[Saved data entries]
......

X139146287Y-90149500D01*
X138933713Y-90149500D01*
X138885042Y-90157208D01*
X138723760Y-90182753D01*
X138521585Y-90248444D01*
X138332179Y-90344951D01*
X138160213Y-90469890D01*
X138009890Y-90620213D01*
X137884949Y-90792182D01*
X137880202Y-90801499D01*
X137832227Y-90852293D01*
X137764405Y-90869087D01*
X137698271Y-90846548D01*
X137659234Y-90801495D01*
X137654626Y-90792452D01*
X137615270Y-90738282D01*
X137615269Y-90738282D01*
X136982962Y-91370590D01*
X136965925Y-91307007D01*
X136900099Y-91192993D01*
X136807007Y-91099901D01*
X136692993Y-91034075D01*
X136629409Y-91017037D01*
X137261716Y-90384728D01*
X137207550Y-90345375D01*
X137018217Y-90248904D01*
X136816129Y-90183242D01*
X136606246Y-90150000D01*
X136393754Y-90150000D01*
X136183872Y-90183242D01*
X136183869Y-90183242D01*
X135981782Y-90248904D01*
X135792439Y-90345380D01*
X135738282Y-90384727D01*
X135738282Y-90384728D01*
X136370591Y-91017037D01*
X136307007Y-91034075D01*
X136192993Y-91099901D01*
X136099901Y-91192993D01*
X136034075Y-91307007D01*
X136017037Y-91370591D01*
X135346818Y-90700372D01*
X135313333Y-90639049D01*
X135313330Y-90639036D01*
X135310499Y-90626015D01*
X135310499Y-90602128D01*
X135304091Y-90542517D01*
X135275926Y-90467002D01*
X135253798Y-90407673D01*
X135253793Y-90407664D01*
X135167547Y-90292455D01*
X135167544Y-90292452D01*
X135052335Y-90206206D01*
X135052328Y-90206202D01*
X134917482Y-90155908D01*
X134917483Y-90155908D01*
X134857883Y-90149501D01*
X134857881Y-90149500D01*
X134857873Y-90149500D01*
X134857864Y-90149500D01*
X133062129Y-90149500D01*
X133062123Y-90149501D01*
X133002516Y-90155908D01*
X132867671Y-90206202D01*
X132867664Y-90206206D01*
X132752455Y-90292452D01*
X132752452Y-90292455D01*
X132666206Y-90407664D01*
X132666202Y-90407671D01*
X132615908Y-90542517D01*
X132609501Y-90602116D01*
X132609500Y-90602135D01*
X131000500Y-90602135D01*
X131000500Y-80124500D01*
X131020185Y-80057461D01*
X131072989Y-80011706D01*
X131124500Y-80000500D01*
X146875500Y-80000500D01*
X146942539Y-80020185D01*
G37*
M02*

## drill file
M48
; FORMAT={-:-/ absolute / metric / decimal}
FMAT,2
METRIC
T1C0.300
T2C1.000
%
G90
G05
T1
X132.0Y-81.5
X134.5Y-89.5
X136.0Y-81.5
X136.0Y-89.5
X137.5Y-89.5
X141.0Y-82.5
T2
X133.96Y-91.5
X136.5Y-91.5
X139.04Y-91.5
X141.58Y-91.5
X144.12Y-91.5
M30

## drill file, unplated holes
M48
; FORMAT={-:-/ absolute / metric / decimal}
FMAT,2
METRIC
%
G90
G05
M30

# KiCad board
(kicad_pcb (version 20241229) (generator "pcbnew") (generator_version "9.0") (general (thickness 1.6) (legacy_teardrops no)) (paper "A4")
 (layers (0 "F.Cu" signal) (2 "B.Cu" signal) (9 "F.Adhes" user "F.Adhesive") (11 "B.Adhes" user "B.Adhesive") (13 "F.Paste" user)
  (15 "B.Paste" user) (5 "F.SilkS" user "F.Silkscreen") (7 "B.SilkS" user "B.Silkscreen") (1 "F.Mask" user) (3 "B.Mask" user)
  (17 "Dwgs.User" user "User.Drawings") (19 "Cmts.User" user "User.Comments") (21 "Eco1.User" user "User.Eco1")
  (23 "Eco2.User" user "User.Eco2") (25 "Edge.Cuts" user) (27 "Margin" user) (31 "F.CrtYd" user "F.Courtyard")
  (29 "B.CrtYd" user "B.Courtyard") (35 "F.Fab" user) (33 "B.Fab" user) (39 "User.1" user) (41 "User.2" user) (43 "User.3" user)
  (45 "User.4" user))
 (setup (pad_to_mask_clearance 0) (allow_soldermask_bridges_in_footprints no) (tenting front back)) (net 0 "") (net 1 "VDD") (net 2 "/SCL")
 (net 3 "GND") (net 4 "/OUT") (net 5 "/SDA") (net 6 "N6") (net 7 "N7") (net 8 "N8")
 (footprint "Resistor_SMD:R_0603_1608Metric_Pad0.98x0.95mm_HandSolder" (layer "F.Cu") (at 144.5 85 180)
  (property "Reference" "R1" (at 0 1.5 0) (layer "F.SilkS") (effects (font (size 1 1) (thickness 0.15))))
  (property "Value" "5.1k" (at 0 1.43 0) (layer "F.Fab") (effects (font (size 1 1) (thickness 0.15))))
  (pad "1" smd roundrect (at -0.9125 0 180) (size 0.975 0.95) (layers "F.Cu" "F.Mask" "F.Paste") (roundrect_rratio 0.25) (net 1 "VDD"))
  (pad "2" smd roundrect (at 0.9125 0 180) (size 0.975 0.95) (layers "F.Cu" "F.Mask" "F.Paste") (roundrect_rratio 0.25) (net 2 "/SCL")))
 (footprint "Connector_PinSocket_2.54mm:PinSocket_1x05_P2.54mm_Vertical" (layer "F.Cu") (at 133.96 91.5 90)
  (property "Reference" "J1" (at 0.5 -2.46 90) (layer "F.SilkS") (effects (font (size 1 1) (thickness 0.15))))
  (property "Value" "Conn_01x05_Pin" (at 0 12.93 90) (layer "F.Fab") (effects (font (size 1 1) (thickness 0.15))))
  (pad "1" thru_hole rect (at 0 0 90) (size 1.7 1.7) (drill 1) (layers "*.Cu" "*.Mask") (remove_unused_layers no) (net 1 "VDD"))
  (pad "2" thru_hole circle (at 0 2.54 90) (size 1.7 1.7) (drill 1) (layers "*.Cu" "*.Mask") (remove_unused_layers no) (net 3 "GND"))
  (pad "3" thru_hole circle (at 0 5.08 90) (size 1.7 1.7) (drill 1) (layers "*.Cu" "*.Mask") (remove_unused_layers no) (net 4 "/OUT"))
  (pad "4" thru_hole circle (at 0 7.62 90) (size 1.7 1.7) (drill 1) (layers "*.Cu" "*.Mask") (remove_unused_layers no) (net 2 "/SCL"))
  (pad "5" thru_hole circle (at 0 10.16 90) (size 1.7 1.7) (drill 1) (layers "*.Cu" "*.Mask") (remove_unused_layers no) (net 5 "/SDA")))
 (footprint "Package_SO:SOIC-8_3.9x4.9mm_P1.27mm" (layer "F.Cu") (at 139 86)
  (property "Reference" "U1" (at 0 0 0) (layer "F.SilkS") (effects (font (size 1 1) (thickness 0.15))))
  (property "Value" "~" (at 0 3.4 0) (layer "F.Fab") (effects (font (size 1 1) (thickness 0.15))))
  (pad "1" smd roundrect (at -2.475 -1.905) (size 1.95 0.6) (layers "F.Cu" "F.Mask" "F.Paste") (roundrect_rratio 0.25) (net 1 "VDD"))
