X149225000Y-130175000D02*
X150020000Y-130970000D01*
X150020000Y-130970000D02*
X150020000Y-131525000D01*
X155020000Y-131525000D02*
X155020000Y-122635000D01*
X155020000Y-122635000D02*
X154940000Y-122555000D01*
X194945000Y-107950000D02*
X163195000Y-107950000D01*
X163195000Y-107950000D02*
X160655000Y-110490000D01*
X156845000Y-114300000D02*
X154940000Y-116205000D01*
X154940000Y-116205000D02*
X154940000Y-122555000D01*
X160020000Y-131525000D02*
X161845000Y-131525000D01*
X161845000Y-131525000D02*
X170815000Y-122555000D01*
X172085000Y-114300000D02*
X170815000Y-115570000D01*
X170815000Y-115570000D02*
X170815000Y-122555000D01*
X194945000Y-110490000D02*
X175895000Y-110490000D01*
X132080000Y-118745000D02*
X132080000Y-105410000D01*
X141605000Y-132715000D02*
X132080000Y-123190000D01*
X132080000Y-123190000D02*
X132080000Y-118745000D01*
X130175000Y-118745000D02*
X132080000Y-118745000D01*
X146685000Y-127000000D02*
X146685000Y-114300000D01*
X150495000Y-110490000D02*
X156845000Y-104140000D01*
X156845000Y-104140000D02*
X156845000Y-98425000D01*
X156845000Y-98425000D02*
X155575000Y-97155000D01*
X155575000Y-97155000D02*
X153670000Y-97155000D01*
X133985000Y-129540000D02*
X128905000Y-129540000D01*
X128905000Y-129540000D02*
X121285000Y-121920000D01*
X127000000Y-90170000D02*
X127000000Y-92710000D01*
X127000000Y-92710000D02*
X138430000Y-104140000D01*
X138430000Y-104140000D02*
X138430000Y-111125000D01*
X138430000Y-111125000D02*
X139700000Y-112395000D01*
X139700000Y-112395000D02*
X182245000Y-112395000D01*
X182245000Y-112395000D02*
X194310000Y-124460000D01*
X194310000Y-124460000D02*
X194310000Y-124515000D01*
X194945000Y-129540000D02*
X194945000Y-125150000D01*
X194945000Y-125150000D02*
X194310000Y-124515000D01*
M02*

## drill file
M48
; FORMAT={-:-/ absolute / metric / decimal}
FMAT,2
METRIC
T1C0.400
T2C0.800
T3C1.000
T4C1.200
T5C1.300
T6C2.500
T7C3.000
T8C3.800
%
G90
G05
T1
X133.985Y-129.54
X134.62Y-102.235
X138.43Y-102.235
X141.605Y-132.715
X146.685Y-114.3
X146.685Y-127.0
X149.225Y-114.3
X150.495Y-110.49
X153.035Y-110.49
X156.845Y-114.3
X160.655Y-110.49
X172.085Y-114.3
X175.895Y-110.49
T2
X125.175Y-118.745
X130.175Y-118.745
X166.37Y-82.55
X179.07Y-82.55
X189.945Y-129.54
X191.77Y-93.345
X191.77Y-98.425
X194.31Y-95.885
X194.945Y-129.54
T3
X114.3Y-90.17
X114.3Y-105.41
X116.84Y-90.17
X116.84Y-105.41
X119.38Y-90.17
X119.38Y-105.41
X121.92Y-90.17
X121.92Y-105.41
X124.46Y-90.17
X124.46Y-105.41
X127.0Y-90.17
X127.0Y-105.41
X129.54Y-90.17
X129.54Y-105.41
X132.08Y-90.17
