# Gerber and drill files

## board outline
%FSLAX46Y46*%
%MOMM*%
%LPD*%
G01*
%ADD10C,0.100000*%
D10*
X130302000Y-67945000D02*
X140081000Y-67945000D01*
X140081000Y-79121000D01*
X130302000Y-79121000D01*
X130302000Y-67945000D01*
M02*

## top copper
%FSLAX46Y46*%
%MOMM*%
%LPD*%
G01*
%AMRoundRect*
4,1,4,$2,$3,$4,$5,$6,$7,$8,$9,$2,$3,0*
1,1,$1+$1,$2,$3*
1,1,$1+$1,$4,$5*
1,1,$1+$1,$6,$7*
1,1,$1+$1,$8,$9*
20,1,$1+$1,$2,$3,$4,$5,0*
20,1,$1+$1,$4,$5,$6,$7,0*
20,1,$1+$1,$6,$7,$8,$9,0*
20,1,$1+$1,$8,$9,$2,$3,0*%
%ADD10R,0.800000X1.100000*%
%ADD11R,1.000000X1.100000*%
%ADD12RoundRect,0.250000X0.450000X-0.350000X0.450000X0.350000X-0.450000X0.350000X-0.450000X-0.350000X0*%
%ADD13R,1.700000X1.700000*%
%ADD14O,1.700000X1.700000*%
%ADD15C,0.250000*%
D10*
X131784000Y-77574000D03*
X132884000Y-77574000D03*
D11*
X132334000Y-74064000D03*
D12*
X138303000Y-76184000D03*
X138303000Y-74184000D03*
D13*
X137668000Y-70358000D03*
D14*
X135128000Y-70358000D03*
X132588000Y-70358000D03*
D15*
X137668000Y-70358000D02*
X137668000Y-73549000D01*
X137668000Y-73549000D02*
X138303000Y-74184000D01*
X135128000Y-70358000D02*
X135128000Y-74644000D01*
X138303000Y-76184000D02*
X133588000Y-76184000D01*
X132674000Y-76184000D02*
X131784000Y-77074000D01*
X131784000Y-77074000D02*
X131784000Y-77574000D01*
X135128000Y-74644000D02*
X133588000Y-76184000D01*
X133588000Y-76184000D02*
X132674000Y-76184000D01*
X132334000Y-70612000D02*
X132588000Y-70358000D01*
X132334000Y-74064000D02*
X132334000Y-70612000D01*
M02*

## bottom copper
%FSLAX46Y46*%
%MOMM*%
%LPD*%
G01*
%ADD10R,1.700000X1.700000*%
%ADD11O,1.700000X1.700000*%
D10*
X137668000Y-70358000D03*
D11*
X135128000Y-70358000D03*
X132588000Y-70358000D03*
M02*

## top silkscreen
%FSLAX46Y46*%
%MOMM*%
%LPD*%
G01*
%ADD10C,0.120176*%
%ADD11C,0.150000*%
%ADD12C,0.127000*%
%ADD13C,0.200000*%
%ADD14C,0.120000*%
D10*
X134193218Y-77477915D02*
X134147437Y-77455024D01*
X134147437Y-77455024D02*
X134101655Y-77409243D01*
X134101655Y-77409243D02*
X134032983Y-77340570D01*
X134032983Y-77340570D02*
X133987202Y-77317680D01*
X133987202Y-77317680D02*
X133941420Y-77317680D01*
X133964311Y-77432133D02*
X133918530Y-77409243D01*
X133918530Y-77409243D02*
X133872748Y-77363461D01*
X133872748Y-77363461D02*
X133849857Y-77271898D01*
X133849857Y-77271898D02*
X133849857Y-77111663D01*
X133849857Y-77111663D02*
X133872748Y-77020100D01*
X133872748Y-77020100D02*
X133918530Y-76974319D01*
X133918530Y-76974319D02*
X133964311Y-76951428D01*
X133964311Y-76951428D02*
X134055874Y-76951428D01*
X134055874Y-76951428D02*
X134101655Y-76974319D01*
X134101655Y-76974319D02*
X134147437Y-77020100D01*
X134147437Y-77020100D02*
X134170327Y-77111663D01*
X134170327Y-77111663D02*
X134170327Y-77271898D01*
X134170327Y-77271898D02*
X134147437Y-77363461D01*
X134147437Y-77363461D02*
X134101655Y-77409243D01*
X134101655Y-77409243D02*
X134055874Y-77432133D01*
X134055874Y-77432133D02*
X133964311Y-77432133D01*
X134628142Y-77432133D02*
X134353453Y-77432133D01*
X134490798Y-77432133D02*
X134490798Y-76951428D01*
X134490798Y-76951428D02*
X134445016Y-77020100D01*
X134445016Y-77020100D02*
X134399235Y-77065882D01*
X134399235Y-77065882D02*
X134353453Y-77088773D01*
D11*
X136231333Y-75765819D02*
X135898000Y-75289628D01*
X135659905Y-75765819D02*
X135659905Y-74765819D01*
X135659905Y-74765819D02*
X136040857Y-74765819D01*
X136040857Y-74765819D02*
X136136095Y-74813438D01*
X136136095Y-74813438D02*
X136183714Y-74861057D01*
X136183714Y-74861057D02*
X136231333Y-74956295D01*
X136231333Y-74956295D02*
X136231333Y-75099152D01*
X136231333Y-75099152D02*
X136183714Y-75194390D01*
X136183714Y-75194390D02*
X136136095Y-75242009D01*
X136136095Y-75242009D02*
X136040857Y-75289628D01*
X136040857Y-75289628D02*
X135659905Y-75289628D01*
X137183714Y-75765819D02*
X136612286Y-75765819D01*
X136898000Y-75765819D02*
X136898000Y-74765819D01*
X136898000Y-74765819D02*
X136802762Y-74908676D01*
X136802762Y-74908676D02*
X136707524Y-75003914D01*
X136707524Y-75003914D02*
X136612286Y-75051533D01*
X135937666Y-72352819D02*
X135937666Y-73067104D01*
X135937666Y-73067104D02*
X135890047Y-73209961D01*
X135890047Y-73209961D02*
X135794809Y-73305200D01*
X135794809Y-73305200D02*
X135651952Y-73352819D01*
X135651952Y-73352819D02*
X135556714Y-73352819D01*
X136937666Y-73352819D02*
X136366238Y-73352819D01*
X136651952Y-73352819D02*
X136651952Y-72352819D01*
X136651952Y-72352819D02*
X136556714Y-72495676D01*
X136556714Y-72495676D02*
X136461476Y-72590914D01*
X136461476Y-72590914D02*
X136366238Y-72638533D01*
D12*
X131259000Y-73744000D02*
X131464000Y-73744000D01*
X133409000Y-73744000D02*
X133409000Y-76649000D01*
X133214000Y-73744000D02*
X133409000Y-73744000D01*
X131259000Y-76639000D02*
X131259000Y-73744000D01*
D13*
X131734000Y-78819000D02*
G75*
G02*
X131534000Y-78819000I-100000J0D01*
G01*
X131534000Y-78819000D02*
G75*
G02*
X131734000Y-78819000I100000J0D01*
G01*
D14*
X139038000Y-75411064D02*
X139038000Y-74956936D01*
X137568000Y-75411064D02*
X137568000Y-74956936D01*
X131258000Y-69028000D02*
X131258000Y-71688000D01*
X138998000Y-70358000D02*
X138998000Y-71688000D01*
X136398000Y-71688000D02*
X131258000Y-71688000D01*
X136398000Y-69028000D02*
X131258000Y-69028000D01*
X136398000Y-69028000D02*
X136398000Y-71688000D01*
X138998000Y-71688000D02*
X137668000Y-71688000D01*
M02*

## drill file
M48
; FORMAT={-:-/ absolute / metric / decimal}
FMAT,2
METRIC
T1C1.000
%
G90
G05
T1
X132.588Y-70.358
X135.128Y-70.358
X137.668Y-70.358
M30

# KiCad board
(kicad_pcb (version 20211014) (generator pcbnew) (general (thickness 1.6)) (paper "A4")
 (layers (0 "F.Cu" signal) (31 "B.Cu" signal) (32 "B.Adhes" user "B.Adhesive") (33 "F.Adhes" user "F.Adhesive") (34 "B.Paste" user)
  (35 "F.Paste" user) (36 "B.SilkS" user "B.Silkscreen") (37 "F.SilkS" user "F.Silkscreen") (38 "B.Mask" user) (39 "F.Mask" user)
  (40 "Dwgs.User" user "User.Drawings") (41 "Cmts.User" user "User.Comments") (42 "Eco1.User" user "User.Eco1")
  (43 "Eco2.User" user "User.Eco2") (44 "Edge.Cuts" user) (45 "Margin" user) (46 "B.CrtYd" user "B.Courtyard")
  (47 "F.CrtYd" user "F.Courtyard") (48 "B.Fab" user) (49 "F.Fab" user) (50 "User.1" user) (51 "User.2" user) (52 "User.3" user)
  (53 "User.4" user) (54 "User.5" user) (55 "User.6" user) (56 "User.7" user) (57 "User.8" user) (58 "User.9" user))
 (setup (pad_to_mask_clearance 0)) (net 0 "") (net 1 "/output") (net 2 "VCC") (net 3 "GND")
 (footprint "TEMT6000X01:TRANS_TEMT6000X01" (layer "F.Cu") (at 132.334 75.819 90)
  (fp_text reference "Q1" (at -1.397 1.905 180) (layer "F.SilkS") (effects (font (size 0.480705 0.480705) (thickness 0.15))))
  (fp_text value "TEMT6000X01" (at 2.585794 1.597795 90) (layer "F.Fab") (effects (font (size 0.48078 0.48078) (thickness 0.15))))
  (fp_line (start 2.075 -1.075) (end 2.075 -0.87) (layer "F.SilkS") (width 0.127))
  (fp_line (start 2.075 1.075) (end -0.83 1.075) (layer "F.SilkS") (width 0.127))
  (fp_line (start 2.075 0.88) (end 2.075 1.075) (layer "F.SilkS") (width 0.127))
  (fp_line (start -0.82 -1.075) (end 2.075 -1.075) (layer "F.SilkS") (width 0.127))
  (fp_circle (center -3 -0.7) (end -2.9 -0.7) (layer "F.SilkS") (width 0.2) (fill none))
  (pad "1" smd rect locked (at -1.755 -0.55 90) (size 1.1 0.8) (layers "F.Cu" "F.Paste" "F.Mask") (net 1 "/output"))
  (pad "2" smd rect locked (at -1.755 0.55 90) (size 1.1 0.8) (layers "F.Cu" "F.Paste" "F.Mask"))
  (pad "3" smd rect locked (at 1.755 0 90) (size 1.1 1) (layers "F.Cu" "F.Paste" "F.Mask") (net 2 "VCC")))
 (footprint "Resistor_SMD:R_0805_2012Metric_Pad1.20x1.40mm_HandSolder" (layer "F.Cu") (at 138.303 75.184 90)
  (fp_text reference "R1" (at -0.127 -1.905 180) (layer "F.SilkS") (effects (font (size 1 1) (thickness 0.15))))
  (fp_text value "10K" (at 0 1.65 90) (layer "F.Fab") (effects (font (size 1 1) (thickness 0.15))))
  (fp_line (start -0.227064 0.735) (end 0.227064 0.735) (layer "F.SilkS") (width 0.12))
  (fp_line (start -0.227064 -0.735) (end 0.227064 -0.735) (layer "F.SilkS") (width 0.12))
  (pad "1" smd roundrect (at -1 0 90) (size 1.2 1.4) (layers "F.Cu" "F.Paste" "F.Mask") (roundrect_rratio 0.208333) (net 1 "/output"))
  (pad "2" smd roundrect (at 1 0 90) (size 1.2 1.4) (layers "F.Cu" "F.Paste" "F.Mask") (roundrect_rratio 0.208333) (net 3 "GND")))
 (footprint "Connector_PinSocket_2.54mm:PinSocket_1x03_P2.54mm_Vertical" (layer "F.Cu") (at 137.668 70.358 -90)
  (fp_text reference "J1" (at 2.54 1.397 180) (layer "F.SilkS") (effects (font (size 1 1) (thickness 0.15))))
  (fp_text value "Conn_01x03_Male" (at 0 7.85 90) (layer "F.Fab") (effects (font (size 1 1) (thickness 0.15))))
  (fp_line (start -1.33 6.41) (end 1.33 6.41) (layer "F.SilkS") (width 0.12))
  (fp_line (start 0 -1.33) (end 1.33 -1.33) (layer "F.SilkS") (width 0.12))
  (fp_line (start 1.33 1.27) (end 1.33 6.41) (layer "F.SilkS") (width 0.12))
  (fp_line (start -1.33 1.27) (end -1.33 6.41) (layer "F.SilkS") (width 0.12))
  (fp_line (start -1.33 1.27) (end 1.33 1.27) (layer "F.SilkS") (width 0.12))
  (fp_line (start 1.33 -1.33) (end 1.33 0) (layer "F.SilkS") (width 0.12))
  (pad "1" thru_hole rect (at 0 0 270) (size 1.7 1.7) (drill 1) (layers *.Cu *.Mask) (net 3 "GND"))
  (pad "2" thru_hole oval (at 0 2.54 270) (size 1.7 1.7) (drill 1) (layers *.Cu *.Mask) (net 1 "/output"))
  (pad "3" thru_hole oval (at 0 5.08 270) (size 1.7 1.7) (drill 1) (layers *.Cu *.Mask) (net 2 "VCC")))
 (gr_rect (start 130.302 67.945) (end 140.081 79.121) (layer "Edge.Cuts") (width 0.1) (fill none))
 (segment (start 137.668 70.358) (end 137.668 73.549) (width 0.25) (layer "F.Cu") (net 3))
 (segment (start 137.668 73.549) (end 138.303 74.184) (width 0.25) (layer "F.Cu") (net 3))
 (segment (start 135.128 70.358) (end 135.128 74.644) (width 0.25) (layer "F.Cu") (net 1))
 (segment (start 138.303 76.184) (end 133.588 76.184) (width 0.25) (layer "F.Cu") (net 1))
 (segment (start 132.674 76.184) (end 131.784 77.074) (width 0.25) (layer "F.Cu") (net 1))
 (segment (start 131.784 77.074) (end 131.784 77.574) (width 0.25) (layer "F.Cu") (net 1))
 (segment (start 135.128 74.644) (end 133.588 76.184) (width 0.25) (layer "F.Cu") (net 1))
 (segment (start 133.588 76.184) (end 132.674 76.184) (width 0.25) (layer "F.Cu") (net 1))
 (segment (start 132.334 70.612) (end 132.588 70.358) (width 0.25) (layer "F.Cu") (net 2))
 (segment (start 132.334 74.064) (end 132.334 70.612) (width 0.25) (layer "F.Cu") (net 2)))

......

WORK TASK:
Please output an exact copy of the lines above, from the opening line of the data down to the line that contains "X137615270Y-90738282D01*".

SOLUTION FOR THIS PROBLEM:
X139146287Y-90149500D01*
X138933713Y-90149500D01*
X138885042Y-90157208D01*
X138723760Y-90182753D01*
X138521585Y-90248444D01*
X138332179Y-90344951D01*
X138160213Y-90469890D01*
X138009890Y-90620213D01*
X137884949Y-90792182D01*
X137880202Y-90801499D01*
X137832227Y-90852293D01*
X137764405Y-90869087D01*
X137698271Y-90846548D01*
X137659234Y-90801495D01*
X137654626Y-90792452D01*
X137615270Y-90738282D01*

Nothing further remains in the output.